EXERCISE PROMPT
Where the records below have a line with "layers", that line is to be copied.

= = = = =

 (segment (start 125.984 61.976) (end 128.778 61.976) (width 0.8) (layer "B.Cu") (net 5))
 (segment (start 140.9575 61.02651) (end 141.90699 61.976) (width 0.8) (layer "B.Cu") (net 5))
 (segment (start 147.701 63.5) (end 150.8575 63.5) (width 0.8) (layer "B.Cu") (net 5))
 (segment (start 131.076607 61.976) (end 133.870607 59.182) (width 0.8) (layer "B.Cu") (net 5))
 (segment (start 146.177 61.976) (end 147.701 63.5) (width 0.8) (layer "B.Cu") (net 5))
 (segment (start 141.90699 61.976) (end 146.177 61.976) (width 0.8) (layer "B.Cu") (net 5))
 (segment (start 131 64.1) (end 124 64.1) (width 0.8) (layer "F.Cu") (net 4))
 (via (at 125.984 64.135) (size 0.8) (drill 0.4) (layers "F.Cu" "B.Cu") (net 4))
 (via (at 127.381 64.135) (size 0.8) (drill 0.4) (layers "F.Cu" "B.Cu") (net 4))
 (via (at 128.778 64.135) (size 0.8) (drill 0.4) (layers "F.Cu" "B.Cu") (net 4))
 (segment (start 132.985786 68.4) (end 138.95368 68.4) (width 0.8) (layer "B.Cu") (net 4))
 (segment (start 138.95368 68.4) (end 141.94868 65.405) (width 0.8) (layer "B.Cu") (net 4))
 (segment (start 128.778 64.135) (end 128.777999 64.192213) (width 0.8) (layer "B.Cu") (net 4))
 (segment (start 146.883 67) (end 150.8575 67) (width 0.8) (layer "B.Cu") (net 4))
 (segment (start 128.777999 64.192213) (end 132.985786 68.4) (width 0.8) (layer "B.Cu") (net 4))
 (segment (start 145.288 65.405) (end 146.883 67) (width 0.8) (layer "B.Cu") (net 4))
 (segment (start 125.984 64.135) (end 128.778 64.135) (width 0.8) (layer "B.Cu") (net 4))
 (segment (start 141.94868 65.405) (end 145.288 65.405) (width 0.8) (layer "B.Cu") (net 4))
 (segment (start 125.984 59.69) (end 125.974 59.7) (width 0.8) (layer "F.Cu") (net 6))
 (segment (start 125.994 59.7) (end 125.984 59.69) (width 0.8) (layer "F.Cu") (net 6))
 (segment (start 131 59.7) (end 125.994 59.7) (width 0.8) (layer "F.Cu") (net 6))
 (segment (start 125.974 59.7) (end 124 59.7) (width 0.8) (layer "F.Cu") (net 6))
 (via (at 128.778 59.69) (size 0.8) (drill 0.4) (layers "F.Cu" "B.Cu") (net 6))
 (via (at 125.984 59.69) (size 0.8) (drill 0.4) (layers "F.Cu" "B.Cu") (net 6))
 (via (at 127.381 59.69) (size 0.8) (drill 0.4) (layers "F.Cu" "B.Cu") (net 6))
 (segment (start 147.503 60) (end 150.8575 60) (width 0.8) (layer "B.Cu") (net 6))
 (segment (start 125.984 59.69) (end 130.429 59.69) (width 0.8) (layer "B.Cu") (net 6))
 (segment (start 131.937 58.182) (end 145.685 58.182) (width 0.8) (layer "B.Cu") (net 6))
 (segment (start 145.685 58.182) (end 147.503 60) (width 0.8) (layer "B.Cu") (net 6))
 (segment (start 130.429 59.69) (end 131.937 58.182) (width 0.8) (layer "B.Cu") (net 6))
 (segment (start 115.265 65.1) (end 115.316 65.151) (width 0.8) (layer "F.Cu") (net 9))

= = = = =

TASK RESULT
 (via (at 125.984 64.135) (size 0.8) (drill 0.4) (layers "F.Cu" "B.Cu") (net 4))
 (via (at 127.381 64.135) (size 0.8) (drill 0.4) (layers "F.Cu" "B.Cu") (net 4))
 (via (at 128.778 64.135) (size 0.8) (drill 0.4) (layers "F.Cu" "B.Cu") (net 4))
 (via (at 128.778 59.69) (size 0.8) (drill 0.4) (layers "F.Cu" "B.Cu") (net 6))
 (via (at 125.984 59.69) (size 0.8) (drill 0.4) (layers "F.Cu" "B.Cu") (net 6))
 (via (at 127.381 59.69) (size 0.8) (drill 0.4) (layers "F.Cu" "B.Cu") (net 6))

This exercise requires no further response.